Step, together with initial point (givin in DownhillSolver::minimize) are two n -dimensional vectors that are used to determine the shape of initial simplex. Roughly said, initial point determines the position of a simplex (it will become simplex’s centroid), while step determines the spread (size in each dimension) of a simplex. To be more precise, if \(s,x_0\in\mathbb{R}^n\) are the initial step and initial point respectively, the vertices of a simplex will be: \(v_0:=x_0-\frac{1}{2} s\) and \(v_i:=x_0+s_i\) for \(i=1,2,\dots,n\) where \(s_i\) denotes projections of the initial step of n -th coordinate (the result of projection is treated to be vector given by \(s_i:=e_i\cdot\left<e_i\cdot s\right>\), where \(e_i\) form canonical basis)

Parameters:

step Initial step that will be used in algorithm. Roughly said, it determines the spread (size in each dimension) of an initial simplex.
static
Ptr<DownhillSolver>
create(
    const Ptr<MinProblemSolver::Function>& f = Ptr<MinProblemSolver::Function>(),
    InputArray initStep = Mat_<double>(1, 1, 0.0),
    TermCriteria termcrit = TermCriteria(TermCriteria::MAX_ITER+TermCriteria::EPS, 5000, 0.000001)
    )

This function returns the reference to the ready-to-use DownhillSolver object.

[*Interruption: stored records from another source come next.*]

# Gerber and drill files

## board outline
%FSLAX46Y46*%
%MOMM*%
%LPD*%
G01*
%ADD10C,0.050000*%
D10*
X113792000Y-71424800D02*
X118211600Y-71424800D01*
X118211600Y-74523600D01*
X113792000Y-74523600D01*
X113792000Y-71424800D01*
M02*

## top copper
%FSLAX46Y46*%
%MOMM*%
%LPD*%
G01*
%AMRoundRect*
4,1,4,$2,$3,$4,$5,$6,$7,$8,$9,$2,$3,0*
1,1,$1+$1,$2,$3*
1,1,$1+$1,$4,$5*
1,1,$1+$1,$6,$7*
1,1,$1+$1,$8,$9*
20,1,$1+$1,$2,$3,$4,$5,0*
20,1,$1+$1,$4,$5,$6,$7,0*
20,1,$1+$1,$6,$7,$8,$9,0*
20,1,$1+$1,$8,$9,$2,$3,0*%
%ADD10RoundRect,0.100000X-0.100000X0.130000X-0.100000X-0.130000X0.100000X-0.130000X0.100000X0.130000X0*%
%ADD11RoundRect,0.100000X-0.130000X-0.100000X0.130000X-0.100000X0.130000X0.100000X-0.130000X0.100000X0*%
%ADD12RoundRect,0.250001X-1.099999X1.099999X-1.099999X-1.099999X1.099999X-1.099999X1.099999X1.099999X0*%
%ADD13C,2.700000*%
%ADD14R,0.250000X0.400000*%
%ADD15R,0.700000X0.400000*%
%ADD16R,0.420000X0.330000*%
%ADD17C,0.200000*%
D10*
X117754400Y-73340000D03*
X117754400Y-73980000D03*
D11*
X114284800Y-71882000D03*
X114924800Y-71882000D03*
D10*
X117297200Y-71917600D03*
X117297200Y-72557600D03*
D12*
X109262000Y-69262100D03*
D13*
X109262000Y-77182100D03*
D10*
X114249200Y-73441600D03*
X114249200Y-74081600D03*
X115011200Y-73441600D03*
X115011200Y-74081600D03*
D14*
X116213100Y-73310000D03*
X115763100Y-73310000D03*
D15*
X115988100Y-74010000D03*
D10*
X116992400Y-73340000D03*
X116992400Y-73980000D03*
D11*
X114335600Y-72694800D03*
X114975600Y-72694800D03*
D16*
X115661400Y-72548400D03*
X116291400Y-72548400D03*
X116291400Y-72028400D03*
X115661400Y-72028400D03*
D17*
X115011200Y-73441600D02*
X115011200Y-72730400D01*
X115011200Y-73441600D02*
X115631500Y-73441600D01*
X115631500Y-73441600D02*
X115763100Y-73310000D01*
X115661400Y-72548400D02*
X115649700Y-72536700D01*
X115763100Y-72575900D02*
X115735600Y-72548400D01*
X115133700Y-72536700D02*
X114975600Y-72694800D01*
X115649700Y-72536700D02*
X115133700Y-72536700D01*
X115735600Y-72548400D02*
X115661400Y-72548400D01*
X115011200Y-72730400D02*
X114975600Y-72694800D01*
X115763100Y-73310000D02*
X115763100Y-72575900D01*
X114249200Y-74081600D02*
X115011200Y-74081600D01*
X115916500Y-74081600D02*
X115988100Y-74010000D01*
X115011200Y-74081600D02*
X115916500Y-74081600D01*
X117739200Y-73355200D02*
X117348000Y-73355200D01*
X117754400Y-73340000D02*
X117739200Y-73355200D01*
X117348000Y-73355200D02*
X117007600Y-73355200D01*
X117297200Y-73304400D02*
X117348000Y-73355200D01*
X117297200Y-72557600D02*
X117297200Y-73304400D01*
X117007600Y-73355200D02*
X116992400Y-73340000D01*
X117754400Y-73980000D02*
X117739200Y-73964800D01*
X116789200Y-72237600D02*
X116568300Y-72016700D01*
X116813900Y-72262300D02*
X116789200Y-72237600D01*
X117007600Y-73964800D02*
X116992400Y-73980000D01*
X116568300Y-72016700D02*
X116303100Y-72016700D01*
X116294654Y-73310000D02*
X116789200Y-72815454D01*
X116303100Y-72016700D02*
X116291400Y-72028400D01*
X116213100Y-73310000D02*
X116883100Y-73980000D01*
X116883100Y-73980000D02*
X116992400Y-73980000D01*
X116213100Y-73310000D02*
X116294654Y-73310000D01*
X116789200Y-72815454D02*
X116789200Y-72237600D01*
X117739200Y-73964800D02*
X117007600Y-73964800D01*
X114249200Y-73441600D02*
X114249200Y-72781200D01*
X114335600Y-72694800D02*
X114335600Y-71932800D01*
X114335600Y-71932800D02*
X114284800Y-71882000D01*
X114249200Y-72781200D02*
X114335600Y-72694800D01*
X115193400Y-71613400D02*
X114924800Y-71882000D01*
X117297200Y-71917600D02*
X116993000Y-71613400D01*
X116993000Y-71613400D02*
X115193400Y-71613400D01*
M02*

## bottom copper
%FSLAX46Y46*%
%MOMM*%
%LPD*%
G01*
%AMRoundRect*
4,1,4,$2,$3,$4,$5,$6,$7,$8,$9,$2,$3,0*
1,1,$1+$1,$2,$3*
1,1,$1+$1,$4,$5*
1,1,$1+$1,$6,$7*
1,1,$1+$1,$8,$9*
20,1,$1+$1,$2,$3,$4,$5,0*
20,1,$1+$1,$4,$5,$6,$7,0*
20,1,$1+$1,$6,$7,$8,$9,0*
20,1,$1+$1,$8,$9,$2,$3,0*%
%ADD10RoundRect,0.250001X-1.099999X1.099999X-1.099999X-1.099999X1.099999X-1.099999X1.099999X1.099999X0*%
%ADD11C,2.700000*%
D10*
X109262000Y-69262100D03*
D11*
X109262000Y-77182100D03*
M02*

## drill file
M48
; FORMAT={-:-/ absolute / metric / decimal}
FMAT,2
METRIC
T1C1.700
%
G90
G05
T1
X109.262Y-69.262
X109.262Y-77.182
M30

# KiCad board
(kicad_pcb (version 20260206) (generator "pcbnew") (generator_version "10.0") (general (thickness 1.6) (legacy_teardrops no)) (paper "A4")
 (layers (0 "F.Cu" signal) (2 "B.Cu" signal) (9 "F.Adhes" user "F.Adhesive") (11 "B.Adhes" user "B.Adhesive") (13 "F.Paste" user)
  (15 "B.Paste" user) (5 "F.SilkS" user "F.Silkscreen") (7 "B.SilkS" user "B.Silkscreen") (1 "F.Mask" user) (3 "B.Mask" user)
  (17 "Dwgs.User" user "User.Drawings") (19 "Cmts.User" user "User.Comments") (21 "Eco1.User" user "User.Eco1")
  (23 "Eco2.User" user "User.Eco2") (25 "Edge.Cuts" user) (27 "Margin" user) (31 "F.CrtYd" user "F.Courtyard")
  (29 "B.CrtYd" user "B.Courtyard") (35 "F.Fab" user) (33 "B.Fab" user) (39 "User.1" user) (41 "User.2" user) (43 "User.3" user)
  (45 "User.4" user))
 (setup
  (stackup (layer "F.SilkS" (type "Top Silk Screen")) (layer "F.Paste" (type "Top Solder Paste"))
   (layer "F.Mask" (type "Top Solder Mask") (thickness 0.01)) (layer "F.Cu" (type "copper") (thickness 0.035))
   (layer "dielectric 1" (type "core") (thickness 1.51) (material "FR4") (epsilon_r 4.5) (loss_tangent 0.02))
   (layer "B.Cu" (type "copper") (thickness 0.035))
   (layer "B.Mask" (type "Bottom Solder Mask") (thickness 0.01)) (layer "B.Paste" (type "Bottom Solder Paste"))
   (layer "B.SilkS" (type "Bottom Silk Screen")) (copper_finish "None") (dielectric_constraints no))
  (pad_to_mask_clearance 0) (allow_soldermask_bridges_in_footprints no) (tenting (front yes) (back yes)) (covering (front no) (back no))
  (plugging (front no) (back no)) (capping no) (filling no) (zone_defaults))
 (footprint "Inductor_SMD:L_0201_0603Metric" (layer "F.Cu") (at 117.7544 73.66 -90)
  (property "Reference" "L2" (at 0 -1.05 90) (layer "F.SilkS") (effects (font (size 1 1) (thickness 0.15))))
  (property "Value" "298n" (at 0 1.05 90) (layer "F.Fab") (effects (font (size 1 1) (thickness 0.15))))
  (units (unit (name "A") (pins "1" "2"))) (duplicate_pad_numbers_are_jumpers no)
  (pad "" smd roundrect (at -0.345 0 270) (size 0.318 0.36) (layers "F.Paste") (roundrect_rratio 0.25))
  (pad "" smd roundrect (at 0.345 0 270) (size 0.318 0.36) (layers "F.Paste") (roundrect_rratio 0.25))
  (pad "1" smd roundrect (at -0.32 0 270) (size 0.46 0.4) (layers "F.Cu" "F.Mask") (roundrect_rratio 0.25) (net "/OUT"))
  (pad "2" smd roundrect (at 0.32 0 270) (size 0.46 0.4) (layers "F.Cu" "F.Mask") (roundrect_rratio 0.25) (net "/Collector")))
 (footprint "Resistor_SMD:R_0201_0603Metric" (layer "F.Cu") (at 114.6048 71.882)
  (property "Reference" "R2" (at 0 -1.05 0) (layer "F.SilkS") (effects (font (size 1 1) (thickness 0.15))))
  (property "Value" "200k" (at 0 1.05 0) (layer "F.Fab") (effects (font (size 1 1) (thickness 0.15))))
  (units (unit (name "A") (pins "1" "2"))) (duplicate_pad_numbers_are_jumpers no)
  (pad "" smd roundrect (at -0.345 0) (size 0.318 0.36) (layers "F.Paste") (roundrect_rratio 0.25))
  (pad "" smd roundrect (at 0.345 0) (size 0.318 0.36) (layers "F.Paste") (roundrect_rratio 0.25))
  (pad "1" smd roundrect (at -0.32 0) (size 0.46 0.4) (layers "F.Cu" "F.Mask") (roundrect_rratio 0.25) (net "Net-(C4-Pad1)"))
  (pad "2" smd roundrect (at 0.32 0) (size 0.46 0.4) (layers "F.Cu" "F.Mask") (roundrect_rratio 0.25) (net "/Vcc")))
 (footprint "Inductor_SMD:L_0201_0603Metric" (layer "F.Cu") (at 117.2972 72.2376 -90)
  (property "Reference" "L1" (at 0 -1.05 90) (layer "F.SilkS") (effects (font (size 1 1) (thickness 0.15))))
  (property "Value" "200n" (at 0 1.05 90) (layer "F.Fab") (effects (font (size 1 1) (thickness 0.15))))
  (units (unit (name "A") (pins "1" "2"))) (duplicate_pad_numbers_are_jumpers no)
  (pad "" smd roundrect (at -0.345 0 270) (size 0.318 0.36) (layers "F.Paste") (roundrect_rratio 0.25))
  (pad "" smd roundrect (at 0.345 0 270) (size 0.318 0.36) (layers "F.Paste") (roundrect_rratio 0.25))
  (pad "1" smd roundrect (at -0.32 0 270) (size 0.46 0.4) (layers "F.Cu" "F.Mask") (roundrect_rratio 0.25) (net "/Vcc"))
  (pad "2" smd roundrect (at 0.32 0 270) (size 0.46 0.4) (layers "F.Cu" "F.Mask") (roundrect_rratio 0.25) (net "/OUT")))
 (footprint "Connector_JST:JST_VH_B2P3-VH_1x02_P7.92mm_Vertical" (layer "F.Cu") (at 109.262 69.2621 -90)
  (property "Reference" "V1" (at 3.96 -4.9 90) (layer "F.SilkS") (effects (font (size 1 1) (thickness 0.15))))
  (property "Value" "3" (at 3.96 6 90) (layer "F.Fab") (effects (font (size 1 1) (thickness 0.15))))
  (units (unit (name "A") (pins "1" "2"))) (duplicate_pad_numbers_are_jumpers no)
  (pad "1" thru_hole roundrect (at 0 0 270) (size 2.7 2.7) (drill 1.7) (layers "*.Cu" "*.Mask") (remove_unused_layers no)
   (roundrect_rratio 0.092593) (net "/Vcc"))
  (pad "2" thru_hole circle (at 7.92 0 270) (size 2.7 2.7) (drill 1.7) (layers "*.Cu" "*.Mask") (remove_unused_layers no) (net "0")))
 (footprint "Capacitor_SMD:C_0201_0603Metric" (layer "F.Cu") (at 114.2492 73.7616 -90)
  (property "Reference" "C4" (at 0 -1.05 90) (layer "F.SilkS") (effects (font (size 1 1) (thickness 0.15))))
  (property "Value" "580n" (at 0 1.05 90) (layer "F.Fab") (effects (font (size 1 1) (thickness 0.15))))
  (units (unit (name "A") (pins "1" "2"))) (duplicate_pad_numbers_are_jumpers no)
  (pad "" smd roundrect (at -0.345 0 270) (size 0.318 0.36) (layers "F.Paste") (roundrect_rratio 0.25))
  (pad "" smd roundrect (at 0.345 0 270) (size 0.318 0.36) (layers "F.Paste") (roundrect_rratio 0.25))
  (pad "1" smd roundrect (at -0.32 0 270) (size 0.46 0.4) (layers "F.Cu" "F.Mask") (roundrect_rratio 0.25) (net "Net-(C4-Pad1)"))
  (pad "2" smd roundrect (at 0.32 0 270) (size 0.46 0.4) (layers "F.Cu" "F.Mask") (roundrect_rratio 0.25) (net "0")))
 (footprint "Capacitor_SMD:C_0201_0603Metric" (layer "F.Cu") (at 115.0112 73.7616 -90)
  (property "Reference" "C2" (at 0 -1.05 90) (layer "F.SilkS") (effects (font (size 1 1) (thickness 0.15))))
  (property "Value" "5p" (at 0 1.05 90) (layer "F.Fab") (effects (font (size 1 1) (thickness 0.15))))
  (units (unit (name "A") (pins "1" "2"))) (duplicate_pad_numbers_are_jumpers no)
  (pad "" smd roundrect (at -0.345 0 270) (size 0.318 0.36) (layers "F.Paste") (roundrect_rratio 0.25))
  (pad "" smd roundrect (at 0.345 0 270) (size 0.318 0.36) (layers "F.Paste") (roundrect_rratio 0.25))
  (pad "1" smd roundrect (at -0.32 0 270) (size 0.46 0.4) (layers "F.Cu" "F.Mask") (roundrect_rratio 0.25) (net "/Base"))
  (pad "2" smd roundrect (at 0.32 0 270) (size 0.46 0.4) (layers "F.Cu" "F.Mask") (roundrect_rratio 0.25) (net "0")))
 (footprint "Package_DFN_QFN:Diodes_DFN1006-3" (layer "F.Cu") (at 115.9881 73.66 -90)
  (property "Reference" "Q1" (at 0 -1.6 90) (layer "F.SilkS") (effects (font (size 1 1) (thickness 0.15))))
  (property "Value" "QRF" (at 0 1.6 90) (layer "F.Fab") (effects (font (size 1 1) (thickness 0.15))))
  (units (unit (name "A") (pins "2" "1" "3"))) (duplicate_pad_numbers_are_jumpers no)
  (pad "1" smd rect (at -0.35 -0.225 180) (size 0.25 0.4) (layers "F.Cu" "F.Mask" "F.Paste") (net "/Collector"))
  (pad "2" smd rect (at -0.35 0.225 180) (size 0.25 0.4) (layers "F.Cu" "F.Mask" "F.Paste") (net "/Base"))
  (pad "3" smd rect (at 0.35 0 180) (size 0.7 0.4) (layers "F.Cu" "F.Mask" "F.Paste") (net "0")))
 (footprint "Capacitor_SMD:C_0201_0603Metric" (layer "F.Cu") (at 116.9924 73.66 -90)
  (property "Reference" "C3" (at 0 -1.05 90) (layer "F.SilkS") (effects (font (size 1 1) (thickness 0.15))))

All the parameters are optional, so this procedure can be called even without parameters at all. In this case, the default values will be used. As default value for terminal criteria are the only sensible ones, MinProblemSolver::setFunction() and DownhillSolver::setInitStep() should be called upon the obtained object, if the respective parameters were not given to create(). Otherwise, the two ways (give parameters to createDownhillSolver() or miss them out and call the MinProblemSolver::setFunction() and DownhillSolver::setInitStep()) are absolutely equivalent (and will drop the same errors in the same way, should invalid input be detected).

Parameters:

f Pointer to the function that will be minimized, similarly to the one you submit via MinProblemSolver::setFunction.
initStep Initial step, that will be used to construct the initial simplex, similarly to the one you submit via MinProblemSolver::setInitStep.
termcrit Terminal criteria to the algorithm, similarly to the one you submit via MinProblemSolver::setTermCriteria.